I’ll always love her, or at least who she was when things were good. Despite what she eventually said and did. I had no interest in trying to control her and am glad I didn’t try to. Regardless, I truly hope that she is happy wherever she is, even if it will always hurt me a little. I still cherish the memories.
One of the things she said at the end was she regretted ever spending a dime on me. I couldn’t pay her back in that moment, but would have. I had done so during previous off and on moments. It’s moot now, but if I heard it still bothered her, I’d pay her back without a second thought. I didn’t and don’t regret any of it. If paying her back somehow puts her at ease, then it’s not a hard decision, it’s just money and move on.
I met the other girl I fell in love with during college. However, in a way, it also started at EFY. See, I had a summer fling with a different girl I also met at EFY. She was fun, from a different state, but hung around for a bit after and so we got to know each other. We kissed and promised to write and… well, long-distance things and such. Later, while I was working at BYU in the cafeteria. I chatted up a couple of girls. I remember asking the smaller one some questions and I think she said something along the lines of, no! I’m her sister! They moved on and I kind of forgot about it.
Later, I was at a dance and I ran into the same girls and said something like, this is your sister, right? However, the girl got rather perturbed and declared, I’m not her sister, I’m Colleen!
We talked for a while just about generic stuff. Suddenly Colleen exclaimed, Wait, you’re Paul from Provo, you kissed Kristi (the girl from EFY)!
That was pretty hilarious. We laughed about it all night. Colleen and I got to know each other more as the night wore on and we just seemed to click. I got her number and we “dated” for a couple of months before the end of the semester and summer break. When summer came, she went home and we continued to write.

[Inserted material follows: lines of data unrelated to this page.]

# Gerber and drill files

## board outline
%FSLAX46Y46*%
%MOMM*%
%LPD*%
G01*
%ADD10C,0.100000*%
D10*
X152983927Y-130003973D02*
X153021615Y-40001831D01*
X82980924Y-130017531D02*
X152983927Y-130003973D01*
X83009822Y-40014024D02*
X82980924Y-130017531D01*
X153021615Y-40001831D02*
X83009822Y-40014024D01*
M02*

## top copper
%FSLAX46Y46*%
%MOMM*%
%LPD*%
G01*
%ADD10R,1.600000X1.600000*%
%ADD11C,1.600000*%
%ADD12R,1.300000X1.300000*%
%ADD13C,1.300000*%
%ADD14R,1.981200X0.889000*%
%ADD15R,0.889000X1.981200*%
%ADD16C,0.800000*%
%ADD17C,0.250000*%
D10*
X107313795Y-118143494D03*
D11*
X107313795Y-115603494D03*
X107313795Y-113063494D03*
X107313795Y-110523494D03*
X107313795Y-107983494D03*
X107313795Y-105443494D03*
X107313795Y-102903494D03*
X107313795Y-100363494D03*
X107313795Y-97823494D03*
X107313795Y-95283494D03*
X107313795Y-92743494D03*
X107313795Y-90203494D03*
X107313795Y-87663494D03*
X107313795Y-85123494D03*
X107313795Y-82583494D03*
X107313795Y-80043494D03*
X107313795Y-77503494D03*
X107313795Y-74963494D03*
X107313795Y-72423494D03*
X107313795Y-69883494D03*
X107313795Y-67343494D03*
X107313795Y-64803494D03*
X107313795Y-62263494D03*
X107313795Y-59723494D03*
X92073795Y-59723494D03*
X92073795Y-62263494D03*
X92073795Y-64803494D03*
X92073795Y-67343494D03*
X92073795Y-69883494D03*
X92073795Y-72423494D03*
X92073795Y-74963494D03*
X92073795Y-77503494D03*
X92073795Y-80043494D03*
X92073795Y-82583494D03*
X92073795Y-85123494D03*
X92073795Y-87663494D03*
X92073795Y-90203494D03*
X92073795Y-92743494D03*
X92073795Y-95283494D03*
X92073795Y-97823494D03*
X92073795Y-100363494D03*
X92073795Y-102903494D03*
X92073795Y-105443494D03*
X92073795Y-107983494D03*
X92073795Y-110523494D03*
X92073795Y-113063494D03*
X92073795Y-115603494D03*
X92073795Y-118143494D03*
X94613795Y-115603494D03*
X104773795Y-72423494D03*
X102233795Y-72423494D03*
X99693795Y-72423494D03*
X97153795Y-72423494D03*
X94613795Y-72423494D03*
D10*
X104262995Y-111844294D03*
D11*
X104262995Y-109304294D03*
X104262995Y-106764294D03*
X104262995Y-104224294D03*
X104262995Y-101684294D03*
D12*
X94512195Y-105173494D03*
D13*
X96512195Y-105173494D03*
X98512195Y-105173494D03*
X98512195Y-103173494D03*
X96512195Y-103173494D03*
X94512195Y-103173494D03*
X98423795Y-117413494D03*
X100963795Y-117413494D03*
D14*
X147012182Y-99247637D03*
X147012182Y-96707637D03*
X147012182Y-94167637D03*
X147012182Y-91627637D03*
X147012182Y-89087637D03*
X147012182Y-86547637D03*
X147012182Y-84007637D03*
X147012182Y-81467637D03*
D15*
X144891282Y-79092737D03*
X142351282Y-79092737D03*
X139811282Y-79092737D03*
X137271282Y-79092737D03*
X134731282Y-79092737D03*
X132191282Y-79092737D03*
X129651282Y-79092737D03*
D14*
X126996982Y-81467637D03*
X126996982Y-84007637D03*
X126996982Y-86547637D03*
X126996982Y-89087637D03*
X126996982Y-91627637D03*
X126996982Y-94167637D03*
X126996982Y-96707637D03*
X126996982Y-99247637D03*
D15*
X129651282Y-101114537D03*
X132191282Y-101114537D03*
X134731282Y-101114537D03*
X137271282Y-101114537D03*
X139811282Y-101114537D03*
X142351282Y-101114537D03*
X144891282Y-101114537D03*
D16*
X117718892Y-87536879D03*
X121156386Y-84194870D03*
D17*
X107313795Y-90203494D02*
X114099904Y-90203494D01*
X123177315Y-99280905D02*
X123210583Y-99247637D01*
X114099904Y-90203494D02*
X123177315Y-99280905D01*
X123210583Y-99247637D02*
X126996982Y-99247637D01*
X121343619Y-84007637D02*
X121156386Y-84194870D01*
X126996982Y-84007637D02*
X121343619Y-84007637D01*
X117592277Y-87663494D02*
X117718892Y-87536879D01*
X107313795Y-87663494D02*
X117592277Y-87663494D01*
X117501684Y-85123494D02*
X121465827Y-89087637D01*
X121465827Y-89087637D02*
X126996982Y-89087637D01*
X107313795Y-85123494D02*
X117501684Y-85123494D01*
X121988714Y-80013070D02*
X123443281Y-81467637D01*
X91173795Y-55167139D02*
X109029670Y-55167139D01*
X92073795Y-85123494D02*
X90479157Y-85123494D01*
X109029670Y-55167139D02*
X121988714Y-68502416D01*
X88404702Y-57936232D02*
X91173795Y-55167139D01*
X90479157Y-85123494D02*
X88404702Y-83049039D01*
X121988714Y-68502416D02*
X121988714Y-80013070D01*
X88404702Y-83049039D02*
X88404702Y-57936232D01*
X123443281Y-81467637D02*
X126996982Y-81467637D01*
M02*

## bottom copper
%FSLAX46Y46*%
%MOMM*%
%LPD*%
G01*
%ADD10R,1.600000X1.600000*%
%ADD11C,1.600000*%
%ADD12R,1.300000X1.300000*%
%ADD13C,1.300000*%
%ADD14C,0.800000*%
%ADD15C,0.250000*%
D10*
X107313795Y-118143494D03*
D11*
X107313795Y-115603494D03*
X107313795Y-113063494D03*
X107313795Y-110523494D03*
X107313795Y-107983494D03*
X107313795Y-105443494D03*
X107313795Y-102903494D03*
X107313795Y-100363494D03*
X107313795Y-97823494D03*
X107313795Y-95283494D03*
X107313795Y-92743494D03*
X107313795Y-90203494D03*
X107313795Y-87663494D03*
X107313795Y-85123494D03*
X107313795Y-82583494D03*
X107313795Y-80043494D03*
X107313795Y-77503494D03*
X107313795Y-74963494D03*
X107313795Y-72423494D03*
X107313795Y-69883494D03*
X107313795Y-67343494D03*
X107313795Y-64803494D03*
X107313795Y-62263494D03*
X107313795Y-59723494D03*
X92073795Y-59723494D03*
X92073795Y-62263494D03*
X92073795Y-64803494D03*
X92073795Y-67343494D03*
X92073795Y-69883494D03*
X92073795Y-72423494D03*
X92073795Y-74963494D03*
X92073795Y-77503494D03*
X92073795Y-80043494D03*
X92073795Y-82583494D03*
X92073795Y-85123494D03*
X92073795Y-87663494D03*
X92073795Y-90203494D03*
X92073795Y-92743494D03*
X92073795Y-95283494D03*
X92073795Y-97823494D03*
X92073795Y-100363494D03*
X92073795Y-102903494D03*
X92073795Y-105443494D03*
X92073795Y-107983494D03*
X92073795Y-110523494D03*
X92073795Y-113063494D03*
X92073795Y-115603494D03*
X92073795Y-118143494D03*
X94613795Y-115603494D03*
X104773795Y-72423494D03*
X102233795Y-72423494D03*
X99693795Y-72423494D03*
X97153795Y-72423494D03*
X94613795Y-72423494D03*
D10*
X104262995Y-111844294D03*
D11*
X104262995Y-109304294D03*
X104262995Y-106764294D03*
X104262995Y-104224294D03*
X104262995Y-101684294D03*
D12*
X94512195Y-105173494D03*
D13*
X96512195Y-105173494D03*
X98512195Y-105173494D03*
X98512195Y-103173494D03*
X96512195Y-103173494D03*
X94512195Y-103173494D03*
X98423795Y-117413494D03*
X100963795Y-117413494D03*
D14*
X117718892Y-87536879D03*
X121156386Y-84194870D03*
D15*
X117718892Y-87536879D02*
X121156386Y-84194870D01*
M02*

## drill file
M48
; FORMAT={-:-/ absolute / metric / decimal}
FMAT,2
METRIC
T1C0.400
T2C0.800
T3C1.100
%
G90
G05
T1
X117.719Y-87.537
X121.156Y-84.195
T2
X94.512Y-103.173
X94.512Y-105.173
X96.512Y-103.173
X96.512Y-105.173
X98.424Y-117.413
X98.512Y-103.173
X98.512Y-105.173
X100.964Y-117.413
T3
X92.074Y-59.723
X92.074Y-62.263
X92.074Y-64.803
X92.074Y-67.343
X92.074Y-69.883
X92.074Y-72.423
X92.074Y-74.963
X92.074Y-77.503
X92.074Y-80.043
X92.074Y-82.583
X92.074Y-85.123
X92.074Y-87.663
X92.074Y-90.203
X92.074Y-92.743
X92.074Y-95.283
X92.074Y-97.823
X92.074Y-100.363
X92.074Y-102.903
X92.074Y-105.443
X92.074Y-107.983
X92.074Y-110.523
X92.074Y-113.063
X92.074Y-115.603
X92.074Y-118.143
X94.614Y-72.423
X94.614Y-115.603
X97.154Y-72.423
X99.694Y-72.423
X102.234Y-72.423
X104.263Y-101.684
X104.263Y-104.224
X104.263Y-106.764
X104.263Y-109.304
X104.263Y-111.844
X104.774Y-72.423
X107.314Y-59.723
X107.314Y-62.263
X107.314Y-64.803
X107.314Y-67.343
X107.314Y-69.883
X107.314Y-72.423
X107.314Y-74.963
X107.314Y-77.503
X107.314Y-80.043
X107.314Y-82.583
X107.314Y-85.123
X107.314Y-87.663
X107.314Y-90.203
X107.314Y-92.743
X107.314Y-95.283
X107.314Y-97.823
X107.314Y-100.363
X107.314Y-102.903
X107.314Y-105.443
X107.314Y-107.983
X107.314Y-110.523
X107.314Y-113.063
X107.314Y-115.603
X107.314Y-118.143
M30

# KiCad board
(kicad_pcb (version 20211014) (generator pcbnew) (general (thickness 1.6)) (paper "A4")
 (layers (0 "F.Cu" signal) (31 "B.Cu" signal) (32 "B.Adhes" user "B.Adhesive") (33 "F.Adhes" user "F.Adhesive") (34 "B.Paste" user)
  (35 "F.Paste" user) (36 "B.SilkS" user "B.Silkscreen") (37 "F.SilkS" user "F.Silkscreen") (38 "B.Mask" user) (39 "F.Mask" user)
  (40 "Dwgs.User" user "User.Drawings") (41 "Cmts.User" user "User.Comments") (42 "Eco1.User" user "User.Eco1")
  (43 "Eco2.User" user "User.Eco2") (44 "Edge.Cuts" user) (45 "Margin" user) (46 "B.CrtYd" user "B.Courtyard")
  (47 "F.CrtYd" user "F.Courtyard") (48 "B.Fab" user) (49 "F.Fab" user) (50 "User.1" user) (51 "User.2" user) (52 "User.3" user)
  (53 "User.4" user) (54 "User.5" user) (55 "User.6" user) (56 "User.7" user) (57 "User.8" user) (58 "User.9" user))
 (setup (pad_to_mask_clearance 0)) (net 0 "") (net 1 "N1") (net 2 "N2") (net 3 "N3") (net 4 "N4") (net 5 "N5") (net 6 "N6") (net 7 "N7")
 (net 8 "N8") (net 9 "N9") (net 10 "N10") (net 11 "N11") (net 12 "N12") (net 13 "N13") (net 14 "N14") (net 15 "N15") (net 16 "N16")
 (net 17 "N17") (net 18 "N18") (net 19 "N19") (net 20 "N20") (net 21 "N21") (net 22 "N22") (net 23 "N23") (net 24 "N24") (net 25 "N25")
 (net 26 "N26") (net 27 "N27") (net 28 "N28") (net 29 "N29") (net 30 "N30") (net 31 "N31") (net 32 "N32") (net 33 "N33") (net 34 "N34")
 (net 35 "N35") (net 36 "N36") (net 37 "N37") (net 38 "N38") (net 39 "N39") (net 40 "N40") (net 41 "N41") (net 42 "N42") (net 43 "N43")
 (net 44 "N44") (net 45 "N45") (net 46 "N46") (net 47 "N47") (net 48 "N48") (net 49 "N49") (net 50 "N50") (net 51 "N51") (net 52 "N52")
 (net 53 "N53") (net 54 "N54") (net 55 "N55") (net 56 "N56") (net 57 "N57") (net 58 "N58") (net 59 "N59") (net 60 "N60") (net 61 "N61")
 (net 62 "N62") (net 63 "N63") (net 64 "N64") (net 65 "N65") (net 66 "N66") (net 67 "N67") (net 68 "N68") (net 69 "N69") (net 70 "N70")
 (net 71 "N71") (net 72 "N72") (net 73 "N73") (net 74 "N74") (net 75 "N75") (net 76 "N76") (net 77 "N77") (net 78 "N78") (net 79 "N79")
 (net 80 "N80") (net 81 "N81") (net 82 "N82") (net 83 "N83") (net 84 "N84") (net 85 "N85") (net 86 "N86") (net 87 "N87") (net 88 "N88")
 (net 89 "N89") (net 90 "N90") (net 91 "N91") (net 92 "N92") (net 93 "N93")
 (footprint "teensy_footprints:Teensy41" (layer "F.Cu") (at 99.693795 88.933494 90)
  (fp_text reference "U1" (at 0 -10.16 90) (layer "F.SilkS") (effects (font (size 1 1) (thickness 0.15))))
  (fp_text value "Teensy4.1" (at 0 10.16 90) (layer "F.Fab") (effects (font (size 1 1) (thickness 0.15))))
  (pad "1" thru_hole rect (at -29.21 7.62 90) (size 1.6 1.6) (drill 1.1) (layers *.Cu *.Mask) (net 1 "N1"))
  (pad "2" thru_hole circle (at -26.67 7.62 90) (size 1.6 1.6) (drill 1.1) (layers *.Cu *.Mask) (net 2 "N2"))
  (pad "3" thru_hole circle (at -24.13 7.62 90) (size 1.6 1.6) (drill 1.1) (layers *.Cu *.Mask) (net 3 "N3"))
  (pad "4" thru_hole circle (at -21.59 7.62 90) (size 1.6 1.6) (drill 1.1) (layers *.Cu *.Mask) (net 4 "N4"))
  (pad "5" thru_hole circle (at -19.05 7.62 90) (size 1.6 1.6) (drill 1.1) (layers *.Cu *.Mask) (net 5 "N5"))
  (pad "6" thru_hole circle (at -16.51 7.62 90) (size 1.6 1.6) (drill 1.1) (layers *.Cu *.Mask) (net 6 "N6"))
  (pad "7" thru_hole circle (at -13.97 7.62 90) (size 1.6 1.6) (drill 1.1) (layers *.Cu *.Mask) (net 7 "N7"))
  (pad "8" thru_hole circle (at -11.43 7.62 90) (size 1.6 1.6) (drill 1.1) (layers *.Cu *.Mask) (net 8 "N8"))
  (pad "9" thru_hole circle (at -8.89 7.62 90) (size 1.6 1.6) (drill 1.1) (layers *.Cu *.Mask) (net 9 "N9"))
  (pad "10" thru_hole circle (at -6.35 7.62 90) (size 1.6 1.6) (drill 1.1) (layers *.Cu *.Mask) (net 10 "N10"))
  (pad "11" thru_hole circle (at -3.81 7.62 90) (size 1.6 1.6) (drill 1.1) (layers *.Cu *.Mask) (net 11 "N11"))
  (pad "12" thru_hole circle (at -1.27 7.62 90) (size 1.6 1.6) (drill 1.1) (layers *.Cu *.Mask) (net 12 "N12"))
  (pad "13" thru_hole circle (at 1.27 7.62 90) (size 1.6 1.6) (drill 1.1) (layers *.Cu *.Mask) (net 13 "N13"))
  (pad "14" thru_hole circle (at 3.81 7.62 90) (size 1.6 1.6) (drill 1.1) (layers *.Cu *.Mask) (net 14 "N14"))
  (pad "15" thru_hole circle (at 6.35 7.62 90) (size 1.6 1.6) (drill 1.1) (layers *.Cu *.Mask) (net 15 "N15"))
  (pad "16" thru_hole circle (at 8.89 7.62 90) (size 1.6 1.6) (drill 1.1) (layers *.Cu *.Mask) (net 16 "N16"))
  (pad "17" thru_hole circle (at 11.43 7.62 90) (size 1.6 1.6) (drill 1.1) (layers *.Cu *.Mask) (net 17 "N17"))
  (pad "18" thru_hole circle (at 13.97 7.62 90) (size 1.6 1.6) (drill 1.1) (layers *.Cu *.Mask) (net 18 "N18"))
  (pad "19" thru_hole circle (at 16.51 7.62 90) (size 1.6 1.6) (drill 1.1) (layers *.Cu *.Mask) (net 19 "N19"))
  (pad "20" thru_hole circle (at 19.05 7.62 90) (size 1.6 1.6) (drill 1.1) (layers *.Cu *.Mask) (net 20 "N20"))
  (pad "21" thru_hole circle (at 21.59 7.62 90) (size 1.6 1.6) (drill 1.1) (layers *.Cu *.Mask) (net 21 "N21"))
  (pad "22" thru_hole circle (at 24.13 7.62 90) (size 1.6 1.6) (drill 1.1) (layers *.Cu *.Mask) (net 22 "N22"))
  (pad "23" thru_hole circle (at 26.67 7.62 90) (size 1.6 1.6) (drill 1.1) (layers *.Cu *.Mask) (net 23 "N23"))
  (pad "24" thru_hole circle (at 29.21 7.62 90) (size 1.6 1.6) (drill 1.1) (layers *.Cu *.Mask) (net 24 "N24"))
  (pad "25" thru_hole circle (at 29.21 -7.62 90) (size 1.6 1.6) (drill 1.1) (layers *.Cu *.Mask) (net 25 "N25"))
  (pad "26" thru_hole circle (at 26.67 -7.62 90) (size 1.6 1.6) (drill 1.1) (layers *.Cu *.Mask) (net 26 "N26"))
  (pad "27" thru_hole circle (at 24.13 -7.62 90) (size 1.6 1.6) (drill 1.1) (layers *.Cu *.Mask) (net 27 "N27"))
  (pad "28" thru_hole circle (at 21.59 -7.62 90) (size 1.6 1.6) (drill 1.1) (layers *.Cu *.Mask) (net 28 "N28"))
  (pad "29" thru_hole circle (at 19.05 -7.62 90) (size 1.6 1.6) (drill 1.1) (layers *.Cu *.Mask) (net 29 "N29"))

I’ll be honest, I liked her. I liked talking with her, I liked her fearlessness, and her kindness. I liked the way she did her hair, and how she dressed. I liked her laugh, her smile, her charm. But it was infatuation. I was also infatuated with other girls. So I wrote her while going out on dates with other girls. Then this kind of crazy idea was brought up by one of the girls I was “dating”, to come visit her home and hang out. It just so happened that two girls, including Colleen, were in the same area of the state. I thought, why not visit both? What could go wrong!? So I told them both I was coming to visit and told each that the other person I was seeing was just a friend, specifics weren’t important. So I booked a flight. When I got there, both girls were at the airport! One was there for me and the other for her friend. That was… awkward, but I made it through.
However, as I talked with Colleen, who was the first girl I had planned to visit. Pieces suddenly all snapped together and I just stared at her in awe and was thinking, WHY WERE YOU MESSING AROUND WITH OTHER GIRLS, YOU LOVE HER!!! I panicked, but quickly reassured myself, dude, you’re golden, she totally loves you!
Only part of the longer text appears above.